Posted August 18, 2009 by Lygeia Ricciardi Last month the eHealth
Initiative (eHI) released its sixth annual survey of health information exchange and a report based on its findings, “Migrating Toward Meaningful Use: The State
of Health Information Exchange.” Most HIEs are concerned primarily with the exchange of
health information among health care providers, hospitals, pharmacies, and
other members of the traditional health care system, such as health plans. Interestingly, though, some—though still a small number—of HIEs
have begun to include patients among those who can get access to electronic
health information—in this case, to their own medical records. Fourteen HIEs
have “technology available allowing patients to access their medical
information,” according to eHI’s report. Most of these either have or are in
the planning stages of implementing a patient portal. Under the HIPAA Rules, physicians, hospitals, health plans,
and other “covered entities” have long been required to give patients access to
their own health information upon request, though until recently there were no
provisions specifically requiring that such access be in an electronic form.

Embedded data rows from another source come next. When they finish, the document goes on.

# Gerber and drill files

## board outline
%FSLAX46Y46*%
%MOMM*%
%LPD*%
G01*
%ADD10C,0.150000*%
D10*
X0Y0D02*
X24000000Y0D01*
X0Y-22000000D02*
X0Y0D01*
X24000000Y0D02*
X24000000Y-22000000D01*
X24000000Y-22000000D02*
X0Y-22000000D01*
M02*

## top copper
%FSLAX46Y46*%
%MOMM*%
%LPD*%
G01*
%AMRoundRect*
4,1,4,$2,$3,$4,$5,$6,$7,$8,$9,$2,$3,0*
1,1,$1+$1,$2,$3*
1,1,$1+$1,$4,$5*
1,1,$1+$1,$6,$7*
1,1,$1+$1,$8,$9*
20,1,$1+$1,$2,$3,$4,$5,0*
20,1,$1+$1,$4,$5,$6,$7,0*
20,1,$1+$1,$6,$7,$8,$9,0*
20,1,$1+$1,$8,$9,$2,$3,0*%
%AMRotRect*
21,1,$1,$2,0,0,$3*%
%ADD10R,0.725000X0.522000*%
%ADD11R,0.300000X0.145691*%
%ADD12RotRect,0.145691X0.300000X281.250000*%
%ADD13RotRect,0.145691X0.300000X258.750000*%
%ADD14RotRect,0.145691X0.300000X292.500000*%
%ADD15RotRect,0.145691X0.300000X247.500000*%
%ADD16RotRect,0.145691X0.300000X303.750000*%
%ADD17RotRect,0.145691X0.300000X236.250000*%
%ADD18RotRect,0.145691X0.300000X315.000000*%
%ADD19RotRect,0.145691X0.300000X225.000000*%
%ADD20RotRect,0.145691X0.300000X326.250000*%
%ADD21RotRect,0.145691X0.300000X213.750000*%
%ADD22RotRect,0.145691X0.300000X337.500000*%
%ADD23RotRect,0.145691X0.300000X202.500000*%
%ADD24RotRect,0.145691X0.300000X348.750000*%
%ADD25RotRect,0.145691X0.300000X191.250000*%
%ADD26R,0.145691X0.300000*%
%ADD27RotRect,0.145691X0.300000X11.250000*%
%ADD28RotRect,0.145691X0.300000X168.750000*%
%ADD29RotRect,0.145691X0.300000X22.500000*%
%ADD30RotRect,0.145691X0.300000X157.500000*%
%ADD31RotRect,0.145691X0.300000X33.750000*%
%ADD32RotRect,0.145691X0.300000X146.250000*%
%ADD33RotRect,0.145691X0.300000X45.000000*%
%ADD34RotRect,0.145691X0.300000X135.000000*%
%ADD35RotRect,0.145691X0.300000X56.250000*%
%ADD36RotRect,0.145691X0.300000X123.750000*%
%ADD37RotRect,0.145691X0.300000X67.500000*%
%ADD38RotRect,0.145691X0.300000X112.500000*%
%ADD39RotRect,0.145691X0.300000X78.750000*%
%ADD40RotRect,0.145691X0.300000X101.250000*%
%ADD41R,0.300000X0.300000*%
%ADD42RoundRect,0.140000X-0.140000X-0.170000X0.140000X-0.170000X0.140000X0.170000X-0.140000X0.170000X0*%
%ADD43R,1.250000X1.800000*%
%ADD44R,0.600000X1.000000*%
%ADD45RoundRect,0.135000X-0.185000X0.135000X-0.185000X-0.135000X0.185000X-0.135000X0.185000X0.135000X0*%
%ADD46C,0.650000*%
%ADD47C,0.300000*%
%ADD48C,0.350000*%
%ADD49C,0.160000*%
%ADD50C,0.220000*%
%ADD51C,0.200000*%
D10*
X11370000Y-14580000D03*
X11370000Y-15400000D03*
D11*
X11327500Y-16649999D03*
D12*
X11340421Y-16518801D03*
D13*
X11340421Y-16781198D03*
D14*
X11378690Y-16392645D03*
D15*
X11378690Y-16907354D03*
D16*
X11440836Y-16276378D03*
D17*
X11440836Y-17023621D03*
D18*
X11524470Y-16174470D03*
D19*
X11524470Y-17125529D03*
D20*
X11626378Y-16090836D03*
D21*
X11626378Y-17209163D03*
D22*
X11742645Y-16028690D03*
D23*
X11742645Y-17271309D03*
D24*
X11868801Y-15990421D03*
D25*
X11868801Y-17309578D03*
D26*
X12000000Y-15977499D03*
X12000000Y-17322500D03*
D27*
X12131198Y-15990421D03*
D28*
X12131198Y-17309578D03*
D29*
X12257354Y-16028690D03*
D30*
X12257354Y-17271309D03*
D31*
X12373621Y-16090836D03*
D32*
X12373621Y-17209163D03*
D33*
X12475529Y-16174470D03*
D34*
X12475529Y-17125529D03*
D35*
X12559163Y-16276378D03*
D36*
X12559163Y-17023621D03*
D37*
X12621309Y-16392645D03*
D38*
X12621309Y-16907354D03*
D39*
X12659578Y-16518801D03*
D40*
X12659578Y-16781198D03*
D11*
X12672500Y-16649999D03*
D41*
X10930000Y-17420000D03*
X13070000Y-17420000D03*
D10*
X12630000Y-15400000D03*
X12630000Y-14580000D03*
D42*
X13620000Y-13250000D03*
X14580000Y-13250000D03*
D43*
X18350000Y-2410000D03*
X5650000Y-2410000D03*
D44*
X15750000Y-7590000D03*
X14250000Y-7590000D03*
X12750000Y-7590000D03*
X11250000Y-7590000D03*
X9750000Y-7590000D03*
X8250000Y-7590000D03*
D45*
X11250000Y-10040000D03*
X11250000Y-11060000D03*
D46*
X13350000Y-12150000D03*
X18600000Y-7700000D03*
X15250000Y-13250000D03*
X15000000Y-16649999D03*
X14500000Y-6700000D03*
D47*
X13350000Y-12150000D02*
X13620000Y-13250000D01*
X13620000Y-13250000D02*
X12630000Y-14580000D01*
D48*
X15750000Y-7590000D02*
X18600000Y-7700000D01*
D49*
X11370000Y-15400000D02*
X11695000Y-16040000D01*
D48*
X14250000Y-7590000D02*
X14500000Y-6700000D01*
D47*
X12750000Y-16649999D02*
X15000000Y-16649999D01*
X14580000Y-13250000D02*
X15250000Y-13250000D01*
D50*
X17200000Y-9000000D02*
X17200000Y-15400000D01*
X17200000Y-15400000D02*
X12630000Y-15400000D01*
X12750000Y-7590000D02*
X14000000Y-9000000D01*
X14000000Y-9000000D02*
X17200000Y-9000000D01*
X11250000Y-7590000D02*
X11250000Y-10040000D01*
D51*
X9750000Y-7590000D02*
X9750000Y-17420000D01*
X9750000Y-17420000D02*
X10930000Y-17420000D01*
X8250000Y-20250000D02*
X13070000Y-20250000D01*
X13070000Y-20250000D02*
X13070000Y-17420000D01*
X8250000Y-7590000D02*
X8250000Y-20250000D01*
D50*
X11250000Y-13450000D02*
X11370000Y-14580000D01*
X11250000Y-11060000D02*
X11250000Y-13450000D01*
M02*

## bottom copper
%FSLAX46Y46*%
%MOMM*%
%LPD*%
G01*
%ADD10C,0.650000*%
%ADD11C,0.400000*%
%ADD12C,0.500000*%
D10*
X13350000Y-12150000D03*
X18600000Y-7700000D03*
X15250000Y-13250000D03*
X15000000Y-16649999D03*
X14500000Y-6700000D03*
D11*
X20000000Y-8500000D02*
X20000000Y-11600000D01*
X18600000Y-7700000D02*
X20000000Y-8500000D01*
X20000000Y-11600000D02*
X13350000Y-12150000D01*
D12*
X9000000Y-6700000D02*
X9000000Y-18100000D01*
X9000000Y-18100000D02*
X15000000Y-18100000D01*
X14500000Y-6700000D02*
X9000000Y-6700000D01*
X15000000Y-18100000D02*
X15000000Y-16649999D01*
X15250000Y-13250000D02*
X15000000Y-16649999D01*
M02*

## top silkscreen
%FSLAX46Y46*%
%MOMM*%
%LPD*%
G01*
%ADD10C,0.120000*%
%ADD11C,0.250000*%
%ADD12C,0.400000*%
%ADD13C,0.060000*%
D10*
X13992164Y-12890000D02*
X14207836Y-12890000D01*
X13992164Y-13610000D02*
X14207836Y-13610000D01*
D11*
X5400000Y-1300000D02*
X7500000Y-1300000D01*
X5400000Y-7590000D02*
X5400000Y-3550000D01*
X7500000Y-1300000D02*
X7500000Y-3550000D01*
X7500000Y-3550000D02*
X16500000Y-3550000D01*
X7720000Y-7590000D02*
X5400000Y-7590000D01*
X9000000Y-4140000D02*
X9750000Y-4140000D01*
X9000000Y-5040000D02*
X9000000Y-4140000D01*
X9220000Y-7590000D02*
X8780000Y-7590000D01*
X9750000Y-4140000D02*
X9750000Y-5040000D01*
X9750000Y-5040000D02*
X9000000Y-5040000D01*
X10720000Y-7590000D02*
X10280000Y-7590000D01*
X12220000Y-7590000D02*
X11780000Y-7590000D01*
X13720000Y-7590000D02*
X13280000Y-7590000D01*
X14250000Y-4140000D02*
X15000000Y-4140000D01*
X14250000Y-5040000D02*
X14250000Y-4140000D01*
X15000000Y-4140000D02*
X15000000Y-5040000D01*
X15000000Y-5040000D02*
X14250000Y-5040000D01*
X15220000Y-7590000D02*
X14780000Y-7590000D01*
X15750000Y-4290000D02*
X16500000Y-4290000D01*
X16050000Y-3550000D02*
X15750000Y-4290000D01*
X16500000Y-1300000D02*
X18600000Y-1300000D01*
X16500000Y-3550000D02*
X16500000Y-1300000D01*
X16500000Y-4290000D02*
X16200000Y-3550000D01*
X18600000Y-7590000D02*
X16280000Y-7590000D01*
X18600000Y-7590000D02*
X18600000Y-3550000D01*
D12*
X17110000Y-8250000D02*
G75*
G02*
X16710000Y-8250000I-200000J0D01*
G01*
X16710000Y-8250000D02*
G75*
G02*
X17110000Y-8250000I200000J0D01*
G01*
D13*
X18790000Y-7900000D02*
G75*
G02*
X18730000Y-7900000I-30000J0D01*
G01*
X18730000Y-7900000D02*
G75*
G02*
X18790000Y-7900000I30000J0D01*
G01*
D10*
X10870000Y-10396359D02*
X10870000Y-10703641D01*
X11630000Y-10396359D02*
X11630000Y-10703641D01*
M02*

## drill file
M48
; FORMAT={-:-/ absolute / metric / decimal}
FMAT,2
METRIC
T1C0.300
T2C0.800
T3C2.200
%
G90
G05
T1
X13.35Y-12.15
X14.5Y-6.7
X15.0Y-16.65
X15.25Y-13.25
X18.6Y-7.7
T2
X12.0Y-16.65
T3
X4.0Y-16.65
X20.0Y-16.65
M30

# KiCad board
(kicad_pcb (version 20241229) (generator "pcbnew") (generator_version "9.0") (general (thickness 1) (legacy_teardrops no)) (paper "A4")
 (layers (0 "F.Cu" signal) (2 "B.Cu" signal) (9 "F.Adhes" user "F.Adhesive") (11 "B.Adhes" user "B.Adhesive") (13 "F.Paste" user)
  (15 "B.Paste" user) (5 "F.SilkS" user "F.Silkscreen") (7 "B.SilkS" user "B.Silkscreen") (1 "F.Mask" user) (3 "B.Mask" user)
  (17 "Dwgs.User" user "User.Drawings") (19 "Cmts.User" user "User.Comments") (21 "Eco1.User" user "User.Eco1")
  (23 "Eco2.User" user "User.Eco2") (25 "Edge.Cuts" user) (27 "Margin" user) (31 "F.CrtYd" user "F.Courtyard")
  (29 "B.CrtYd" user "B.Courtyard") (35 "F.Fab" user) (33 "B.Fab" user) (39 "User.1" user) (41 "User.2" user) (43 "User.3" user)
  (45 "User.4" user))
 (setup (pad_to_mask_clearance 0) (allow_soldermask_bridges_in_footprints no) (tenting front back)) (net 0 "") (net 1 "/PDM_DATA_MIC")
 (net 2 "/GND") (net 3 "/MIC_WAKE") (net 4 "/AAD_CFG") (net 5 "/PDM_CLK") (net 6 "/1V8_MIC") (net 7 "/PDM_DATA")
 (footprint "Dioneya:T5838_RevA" (layer "F.Cu") (at 12 16)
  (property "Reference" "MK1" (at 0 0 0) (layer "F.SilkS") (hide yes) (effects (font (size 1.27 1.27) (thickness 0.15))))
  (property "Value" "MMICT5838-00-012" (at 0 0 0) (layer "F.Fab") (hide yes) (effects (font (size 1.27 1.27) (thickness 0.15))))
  (pad "" np_thru_hole circle (at 0 0.649999) (size 0.8 0.8) (drill 0.8) (layers "*.Cu" "*.Mask"))
  (pad "1" smd rect (at -0.63 -1.42 90) (size 0.522 0.725) (layers "F.Cu" "F.Mask" "F.Paste") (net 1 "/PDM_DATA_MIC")
   (solder_paste_margin -0.05) (thermal_bridge_angle 45))
  (pad "2" smd rect (at -0.63 -0.6 90) (size 0.522 0.725) (layers "F.Cu" "F.Mask" "F.Paste") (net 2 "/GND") (solder_paste_margin -0.05)
   (thermal_bridge_angle 45))
  (pad "3" smd rect (at -0.6725 0.649999 270) (size 0.145691 0.3) (layers "F.Cu" "F.Mask") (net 2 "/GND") (thermal_bridge_angle 45))
  (pad "3" smd rect (at -0.659579 0.518801 281.25) (size 0.145691 0.3) (layers "F.Cu" "F.Mask") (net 2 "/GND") (thermal_bridge_angle 45))
  (pad "3" smd rect (at -0.659579 0.781198 258.75) (size 0.145691 0.3) (layers "F.Cu" "F.Mask") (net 2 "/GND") (thermal_bridge_angle 45))
  (pad "3" smd rect (at -0.62131 0.392645 292.5) (size 0.145691 0.3) (layers "F.Cu" "F.Mask") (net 2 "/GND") (thermal_bridge_angle 45))
  (pad "3" smd rect (at -0.62131 0.907354 247.5) (size 0.145691 0.3) (layers "F.Cu" "F.Mask") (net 2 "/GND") (thermal_bridge_angle 45))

(ARRA, which requires that patients be given electronic access by HIPAA covered
entities that store the information electronically, doesn’t specify that the
data be in any particular type of format.) Independent personal health record (PHR) providers, by
contrast, have platforms and services designed primarily to give patients
access their own data for their own use—once they’ve figured out a way to get
it into the PHR in the first place. But direct patient access to data though an
HIE is still a fairly new development. While the eHI report’s snapshot of patient access through
HIEs is a far cry from Project HealthDesign’s vision of a world in which
patients are able to both download their data from the health system in a “computable”
form that lets them plug it directly into a variety of applications—and also
send their own observations of daily living directly to their providers, it
signals a positive step toward the kind of data liquidity on which that vision
depends. Though HIEs may never be the primary way patients access and
download their data from the health system, any increase in patient access is a
step in the right direction. See our previous discussion of this topic--and please feel free to weigh in.
What kind of access do these HIEs provide? In about half, patients can add
“clinical” information to their records. Others only allow patients to comment
on the existing record, or, in three cases, provide “read only” access.